Besides acquiring these data, neuroscientists would need to agree on the key modelling targets and the quantitative metrics by which to measure progress. Should a model aim to predict the behaviour of a single neuron on the basis of a past state or of an entire brain? Should the activity of an individual neuron be the key metric, or should it be the percentage of hundreds of thousands of neurons that are active? Likewise, what constitutes an accurate reproduction of the neural activity seen in a biological system? Formal, agreed benchmarks will be crucial to comparing modelling approaches and tracking progress over time.
Lastly, to open up brain-modelling challenges to diverse communities, including computational neuroscientists and specialists in machine learning, investigators would need to articulate to the broader scientific community what modelling tasks are the highest priority and which metrics should be used to evaluate a model’s performance. WeatherBench, an online platform that provides a framework for evaluating and comparing weather forecasting models, provides a useful template16.
Some will question — and rightly so — whether a machine-learning approach to brain modelling will be scientifically useful. Could the problem of trying to understand how brains work simply be traded for the problem of trying to understand how a large artificial network works?
Yet, the use of a similar approach in a branch of neuroscience concerned with establishing how sensory stimuli (for example, sights and smells) are processed and encoded by the brain is encouraging.
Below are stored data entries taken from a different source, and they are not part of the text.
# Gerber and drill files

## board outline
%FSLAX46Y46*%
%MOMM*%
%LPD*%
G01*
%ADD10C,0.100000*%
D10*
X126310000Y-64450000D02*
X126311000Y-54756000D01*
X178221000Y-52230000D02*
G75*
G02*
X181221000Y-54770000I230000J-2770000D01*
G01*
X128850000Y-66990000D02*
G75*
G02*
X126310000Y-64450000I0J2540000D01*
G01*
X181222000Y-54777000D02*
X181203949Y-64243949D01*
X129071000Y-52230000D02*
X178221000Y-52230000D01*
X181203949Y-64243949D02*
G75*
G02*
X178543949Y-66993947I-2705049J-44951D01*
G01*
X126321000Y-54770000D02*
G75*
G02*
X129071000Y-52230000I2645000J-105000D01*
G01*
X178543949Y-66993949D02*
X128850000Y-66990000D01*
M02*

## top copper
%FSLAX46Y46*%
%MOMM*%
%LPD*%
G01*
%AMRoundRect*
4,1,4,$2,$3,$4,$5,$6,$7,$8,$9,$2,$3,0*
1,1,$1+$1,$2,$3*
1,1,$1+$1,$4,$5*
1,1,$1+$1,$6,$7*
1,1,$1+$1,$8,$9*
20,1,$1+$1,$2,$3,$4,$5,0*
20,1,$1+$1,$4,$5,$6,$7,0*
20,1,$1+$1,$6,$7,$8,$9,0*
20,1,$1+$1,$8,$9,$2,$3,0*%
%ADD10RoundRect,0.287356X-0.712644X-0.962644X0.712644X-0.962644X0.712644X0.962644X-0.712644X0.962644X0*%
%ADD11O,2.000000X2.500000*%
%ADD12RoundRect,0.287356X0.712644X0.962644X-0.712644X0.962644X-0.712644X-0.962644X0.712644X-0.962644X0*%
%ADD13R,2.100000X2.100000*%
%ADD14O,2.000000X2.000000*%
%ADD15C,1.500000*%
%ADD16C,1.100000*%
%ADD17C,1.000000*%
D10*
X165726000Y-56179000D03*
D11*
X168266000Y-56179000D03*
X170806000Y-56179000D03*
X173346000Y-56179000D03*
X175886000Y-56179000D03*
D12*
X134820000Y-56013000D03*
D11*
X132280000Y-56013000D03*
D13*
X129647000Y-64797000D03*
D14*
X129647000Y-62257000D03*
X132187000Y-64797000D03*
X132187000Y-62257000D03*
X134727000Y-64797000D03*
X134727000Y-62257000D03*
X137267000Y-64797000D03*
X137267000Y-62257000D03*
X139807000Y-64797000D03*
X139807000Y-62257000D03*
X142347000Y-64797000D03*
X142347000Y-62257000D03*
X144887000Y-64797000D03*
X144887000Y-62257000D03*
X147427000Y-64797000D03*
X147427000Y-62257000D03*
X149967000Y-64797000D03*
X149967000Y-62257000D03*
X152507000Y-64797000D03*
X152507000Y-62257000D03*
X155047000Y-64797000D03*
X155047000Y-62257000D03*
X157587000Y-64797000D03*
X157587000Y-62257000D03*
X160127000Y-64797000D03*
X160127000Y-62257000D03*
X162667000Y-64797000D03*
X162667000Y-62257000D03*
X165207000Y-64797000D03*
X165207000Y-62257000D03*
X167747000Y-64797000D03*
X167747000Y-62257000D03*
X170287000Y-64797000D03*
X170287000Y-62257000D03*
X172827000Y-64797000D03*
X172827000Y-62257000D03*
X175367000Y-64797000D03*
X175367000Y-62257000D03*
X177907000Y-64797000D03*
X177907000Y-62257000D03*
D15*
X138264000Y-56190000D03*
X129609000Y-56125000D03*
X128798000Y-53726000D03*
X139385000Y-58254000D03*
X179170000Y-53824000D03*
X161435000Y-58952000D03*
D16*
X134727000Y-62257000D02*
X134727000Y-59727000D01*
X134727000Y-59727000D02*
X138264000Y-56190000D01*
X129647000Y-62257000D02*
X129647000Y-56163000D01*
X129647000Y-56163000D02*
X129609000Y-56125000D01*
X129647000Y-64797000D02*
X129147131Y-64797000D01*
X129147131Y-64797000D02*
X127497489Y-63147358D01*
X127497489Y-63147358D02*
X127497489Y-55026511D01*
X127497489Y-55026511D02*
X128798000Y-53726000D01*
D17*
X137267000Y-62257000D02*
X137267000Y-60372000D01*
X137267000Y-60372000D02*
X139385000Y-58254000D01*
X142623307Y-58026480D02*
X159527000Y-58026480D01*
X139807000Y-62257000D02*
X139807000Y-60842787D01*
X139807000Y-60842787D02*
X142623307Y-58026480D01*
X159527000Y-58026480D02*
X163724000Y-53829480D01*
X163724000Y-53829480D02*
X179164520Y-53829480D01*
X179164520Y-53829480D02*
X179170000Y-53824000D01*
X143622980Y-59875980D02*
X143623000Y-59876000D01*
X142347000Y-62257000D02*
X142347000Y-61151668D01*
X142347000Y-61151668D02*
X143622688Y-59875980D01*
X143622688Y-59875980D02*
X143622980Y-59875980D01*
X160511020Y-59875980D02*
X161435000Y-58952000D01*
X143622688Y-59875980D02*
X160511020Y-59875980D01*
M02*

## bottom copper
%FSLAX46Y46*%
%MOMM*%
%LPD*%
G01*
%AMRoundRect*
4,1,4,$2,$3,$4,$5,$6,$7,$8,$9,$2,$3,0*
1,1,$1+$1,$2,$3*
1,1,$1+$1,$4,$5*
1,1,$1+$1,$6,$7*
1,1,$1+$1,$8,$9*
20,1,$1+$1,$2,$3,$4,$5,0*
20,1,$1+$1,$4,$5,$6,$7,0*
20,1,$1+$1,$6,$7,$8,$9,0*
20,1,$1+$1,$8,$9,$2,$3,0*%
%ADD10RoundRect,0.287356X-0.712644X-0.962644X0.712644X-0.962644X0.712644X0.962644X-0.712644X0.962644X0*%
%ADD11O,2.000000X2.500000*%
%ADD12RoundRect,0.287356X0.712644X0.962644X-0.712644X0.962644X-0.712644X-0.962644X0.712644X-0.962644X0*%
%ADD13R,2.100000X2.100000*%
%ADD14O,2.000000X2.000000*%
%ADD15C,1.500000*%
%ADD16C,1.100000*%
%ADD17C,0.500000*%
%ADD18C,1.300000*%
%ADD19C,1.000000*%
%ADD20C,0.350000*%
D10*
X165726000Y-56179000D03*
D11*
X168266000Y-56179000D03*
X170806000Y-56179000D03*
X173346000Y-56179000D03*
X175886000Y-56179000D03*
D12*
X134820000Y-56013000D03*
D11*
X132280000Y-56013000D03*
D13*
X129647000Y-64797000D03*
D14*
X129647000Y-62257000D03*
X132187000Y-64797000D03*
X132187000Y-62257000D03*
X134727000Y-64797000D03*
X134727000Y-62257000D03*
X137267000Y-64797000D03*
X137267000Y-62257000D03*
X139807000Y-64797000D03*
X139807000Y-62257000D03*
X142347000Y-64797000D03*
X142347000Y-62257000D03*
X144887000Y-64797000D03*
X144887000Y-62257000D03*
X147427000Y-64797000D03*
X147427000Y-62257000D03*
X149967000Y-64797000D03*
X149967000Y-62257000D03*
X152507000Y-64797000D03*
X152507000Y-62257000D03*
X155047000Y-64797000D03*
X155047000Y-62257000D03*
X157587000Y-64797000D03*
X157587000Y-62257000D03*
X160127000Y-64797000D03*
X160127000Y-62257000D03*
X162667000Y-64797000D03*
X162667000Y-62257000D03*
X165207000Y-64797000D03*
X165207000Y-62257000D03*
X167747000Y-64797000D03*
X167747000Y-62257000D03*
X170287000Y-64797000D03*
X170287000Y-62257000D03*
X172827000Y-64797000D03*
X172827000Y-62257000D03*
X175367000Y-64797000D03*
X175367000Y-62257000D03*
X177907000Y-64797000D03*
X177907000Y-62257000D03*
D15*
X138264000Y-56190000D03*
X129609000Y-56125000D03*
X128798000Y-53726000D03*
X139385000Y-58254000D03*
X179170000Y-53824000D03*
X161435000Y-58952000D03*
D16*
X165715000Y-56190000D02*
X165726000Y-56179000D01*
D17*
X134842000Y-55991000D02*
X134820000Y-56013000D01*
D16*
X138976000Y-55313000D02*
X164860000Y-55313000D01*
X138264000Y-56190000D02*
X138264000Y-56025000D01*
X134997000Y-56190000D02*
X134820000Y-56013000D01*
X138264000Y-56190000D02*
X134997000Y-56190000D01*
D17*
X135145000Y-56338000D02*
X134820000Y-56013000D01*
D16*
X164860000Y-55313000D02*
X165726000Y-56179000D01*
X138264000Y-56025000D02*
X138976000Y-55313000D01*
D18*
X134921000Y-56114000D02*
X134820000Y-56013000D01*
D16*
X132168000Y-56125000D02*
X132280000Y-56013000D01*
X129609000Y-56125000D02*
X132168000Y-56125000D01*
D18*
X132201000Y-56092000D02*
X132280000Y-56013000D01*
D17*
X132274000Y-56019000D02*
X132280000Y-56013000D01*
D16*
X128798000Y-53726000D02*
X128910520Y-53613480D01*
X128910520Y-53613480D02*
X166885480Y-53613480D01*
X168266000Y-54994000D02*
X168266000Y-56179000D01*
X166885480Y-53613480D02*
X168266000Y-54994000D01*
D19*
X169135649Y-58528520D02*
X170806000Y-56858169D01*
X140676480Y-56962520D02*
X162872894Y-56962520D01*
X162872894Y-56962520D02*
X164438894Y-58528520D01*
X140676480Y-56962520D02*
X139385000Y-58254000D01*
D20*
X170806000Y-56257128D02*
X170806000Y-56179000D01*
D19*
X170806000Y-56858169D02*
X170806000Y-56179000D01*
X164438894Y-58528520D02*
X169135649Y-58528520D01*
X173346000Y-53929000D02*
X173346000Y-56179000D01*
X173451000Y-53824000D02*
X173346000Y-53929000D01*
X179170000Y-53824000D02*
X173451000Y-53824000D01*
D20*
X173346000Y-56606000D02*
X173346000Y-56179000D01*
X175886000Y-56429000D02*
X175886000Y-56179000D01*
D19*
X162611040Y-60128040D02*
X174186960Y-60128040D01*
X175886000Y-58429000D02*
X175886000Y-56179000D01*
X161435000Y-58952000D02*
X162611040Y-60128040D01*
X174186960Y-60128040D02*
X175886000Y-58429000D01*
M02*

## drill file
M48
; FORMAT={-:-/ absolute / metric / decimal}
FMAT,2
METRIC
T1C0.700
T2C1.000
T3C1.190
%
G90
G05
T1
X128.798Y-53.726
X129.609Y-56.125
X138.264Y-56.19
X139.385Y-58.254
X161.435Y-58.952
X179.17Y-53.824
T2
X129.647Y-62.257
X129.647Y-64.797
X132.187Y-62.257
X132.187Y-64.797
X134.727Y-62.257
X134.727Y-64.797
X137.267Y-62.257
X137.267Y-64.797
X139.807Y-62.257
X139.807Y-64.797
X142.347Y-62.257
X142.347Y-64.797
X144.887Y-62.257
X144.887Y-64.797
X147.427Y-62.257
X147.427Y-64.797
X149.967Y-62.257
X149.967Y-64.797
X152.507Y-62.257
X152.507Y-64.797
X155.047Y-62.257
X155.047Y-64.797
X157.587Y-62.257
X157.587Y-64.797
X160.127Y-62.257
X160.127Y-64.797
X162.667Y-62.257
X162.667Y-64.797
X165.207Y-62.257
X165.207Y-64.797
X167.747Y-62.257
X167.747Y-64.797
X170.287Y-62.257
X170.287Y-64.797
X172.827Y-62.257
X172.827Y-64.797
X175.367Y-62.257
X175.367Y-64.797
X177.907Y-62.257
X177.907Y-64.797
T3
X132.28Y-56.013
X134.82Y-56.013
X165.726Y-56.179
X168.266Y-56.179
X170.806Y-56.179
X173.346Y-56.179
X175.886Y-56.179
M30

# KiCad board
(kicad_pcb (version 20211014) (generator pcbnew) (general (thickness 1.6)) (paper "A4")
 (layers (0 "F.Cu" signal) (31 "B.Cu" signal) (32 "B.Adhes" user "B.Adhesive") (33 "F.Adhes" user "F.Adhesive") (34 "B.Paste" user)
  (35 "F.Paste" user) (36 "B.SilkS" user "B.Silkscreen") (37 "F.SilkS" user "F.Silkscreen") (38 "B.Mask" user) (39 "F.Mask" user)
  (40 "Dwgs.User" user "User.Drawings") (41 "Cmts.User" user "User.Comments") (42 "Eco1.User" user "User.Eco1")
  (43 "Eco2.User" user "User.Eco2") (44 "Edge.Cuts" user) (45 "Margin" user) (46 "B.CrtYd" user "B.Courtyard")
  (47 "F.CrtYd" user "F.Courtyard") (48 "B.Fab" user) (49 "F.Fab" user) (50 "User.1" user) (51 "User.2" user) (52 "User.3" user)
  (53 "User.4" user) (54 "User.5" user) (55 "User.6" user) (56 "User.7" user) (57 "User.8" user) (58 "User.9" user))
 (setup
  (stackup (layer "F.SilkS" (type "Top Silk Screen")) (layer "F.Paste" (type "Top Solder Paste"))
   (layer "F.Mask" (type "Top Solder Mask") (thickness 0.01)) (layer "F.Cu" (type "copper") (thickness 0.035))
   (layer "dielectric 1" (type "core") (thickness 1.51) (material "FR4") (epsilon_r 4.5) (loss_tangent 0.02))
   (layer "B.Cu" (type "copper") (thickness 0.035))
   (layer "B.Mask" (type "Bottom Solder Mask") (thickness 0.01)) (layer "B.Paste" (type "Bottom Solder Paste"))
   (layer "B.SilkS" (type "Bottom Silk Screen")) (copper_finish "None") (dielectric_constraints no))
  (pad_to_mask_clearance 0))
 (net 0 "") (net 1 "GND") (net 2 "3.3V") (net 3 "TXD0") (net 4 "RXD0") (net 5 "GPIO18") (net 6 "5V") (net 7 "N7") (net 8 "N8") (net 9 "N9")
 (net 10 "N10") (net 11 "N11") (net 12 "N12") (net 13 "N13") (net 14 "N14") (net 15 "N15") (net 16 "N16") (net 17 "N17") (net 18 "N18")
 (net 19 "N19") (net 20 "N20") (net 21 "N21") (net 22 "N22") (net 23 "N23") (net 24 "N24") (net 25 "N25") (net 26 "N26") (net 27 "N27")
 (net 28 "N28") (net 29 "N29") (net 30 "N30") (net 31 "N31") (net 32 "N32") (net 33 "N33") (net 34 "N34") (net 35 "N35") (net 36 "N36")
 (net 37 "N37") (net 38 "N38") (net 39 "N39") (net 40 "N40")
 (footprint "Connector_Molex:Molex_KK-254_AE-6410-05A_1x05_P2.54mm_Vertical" (layer "F.Cu") (at 165.726 56.179)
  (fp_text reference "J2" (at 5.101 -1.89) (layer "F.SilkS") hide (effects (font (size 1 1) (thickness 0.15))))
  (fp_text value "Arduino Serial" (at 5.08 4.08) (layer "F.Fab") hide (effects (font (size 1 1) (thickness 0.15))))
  (pad "1" thru_hole roundrect (at 0 0) (size 2 2.5) (drill 1.19) (layers *.Cu *.Mask) (roundrect_rratio 0.143678) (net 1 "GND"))
  (pad "2" thru_hole oval (at 2.54 0) (size 2 2.5) (drill 1.19) (layers *.Cu *.Mask) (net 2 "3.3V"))
  (pad "3" thru_hole oval (at 5.08 0) (size 2 2.5) (drill 1.19) (layers *.Cu *.Mask) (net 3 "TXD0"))
  (pad "4" thru_hole oval (at 7.62 0) (size 2 2.5) (drill 1.19) (layers *.Cu *.Mask) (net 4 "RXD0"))
  (pad "5" thru_hole oval (at 10.16 0) (size 2 2.5) (drill 1.19) (layers *.Cu *.Mask) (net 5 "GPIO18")))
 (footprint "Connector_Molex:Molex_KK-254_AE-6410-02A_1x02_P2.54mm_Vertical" (layer "F.Cu") (at 134.82 56.013 180)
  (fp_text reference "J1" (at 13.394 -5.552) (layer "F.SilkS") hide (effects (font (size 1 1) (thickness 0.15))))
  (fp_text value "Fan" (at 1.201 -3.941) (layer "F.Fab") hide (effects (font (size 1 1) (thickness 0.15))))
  (pad "1" thru_hole roundrect (at 0 0 180) (size 2 2.5) (drill 1.19) (layers *.Cu *.Mask) (roundrect_rratio 0.143678) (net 1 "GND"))
  (pad "2" thru_hole oval (at 2.54 0 180) (size 2 2.5) (drill 1.19) (layers *.Cu *.Mask) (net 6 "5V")))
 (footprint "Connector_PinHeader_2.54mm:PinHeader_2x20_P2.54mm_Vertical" (layer "F.Cu") (at 129.647 64.797 90)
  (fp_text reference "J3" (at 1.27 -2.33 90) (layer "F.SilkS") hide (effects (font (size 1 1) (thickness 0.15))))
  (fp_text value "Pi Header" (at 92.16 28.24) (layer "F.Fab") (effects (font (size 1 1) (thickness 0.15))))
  (pad "1" thru_hole rect (at 0 0 90) (size 2.1 2.1) (drill 1) (layers *.Cu *.Mask) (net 2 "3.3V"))
  (pad "2" thru_hole oval (at 2.54 0 90) (size 2 2) (drill 1) (layers *.Cu *.Mask) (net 6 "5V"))
  (pad "3" thru_hole oval (at 0 2.54 90) (size 2 2) (drill 1) (layers *.Cu *.Mask) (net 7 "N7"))
  (pad "4" thru_hole oval (at 2.54 2.54 90) (size 2 2) (drill 1) (layers *.Cu *.Mask) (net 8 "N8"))
  (pad "5" thru_hole oval (at 0 5.08 90) (size 2 2) (drill 1) (layers *.Cu *.Mask) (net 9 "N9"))
  (pad "6" thru_hole oval (at 2.54 5.08 90) (size 2 2) (drill 1) (layers *.Cu *.Mask) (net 1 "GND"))
  (pad "7" thru_hole oval (at 0 7.62 90) (size 2 2) (drill 1) (layers *.Cu *.Mask) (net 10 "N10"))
Researchers are increasingly using classically modelled neural networks, in which some of the biological details are specified, in combination with machine-learning systems. The latter are trained on massive visual or audio data sets to reproduce the visual or auditory capabilities of nervous systems, such as image recognition. The resulting networks demonstrate surprising similarities to their biological counterparts, but are easier to analyse and interrogate than the real neural networks.
For now, perhaps it’s enough to ask whether the data from current brain mapping and other efforts can train machine-learning models to reproduce neural activity that corresponds to what would be seen in biological systems. Here, even failure would be interesting — a signal that mapping efforts must go even deeper.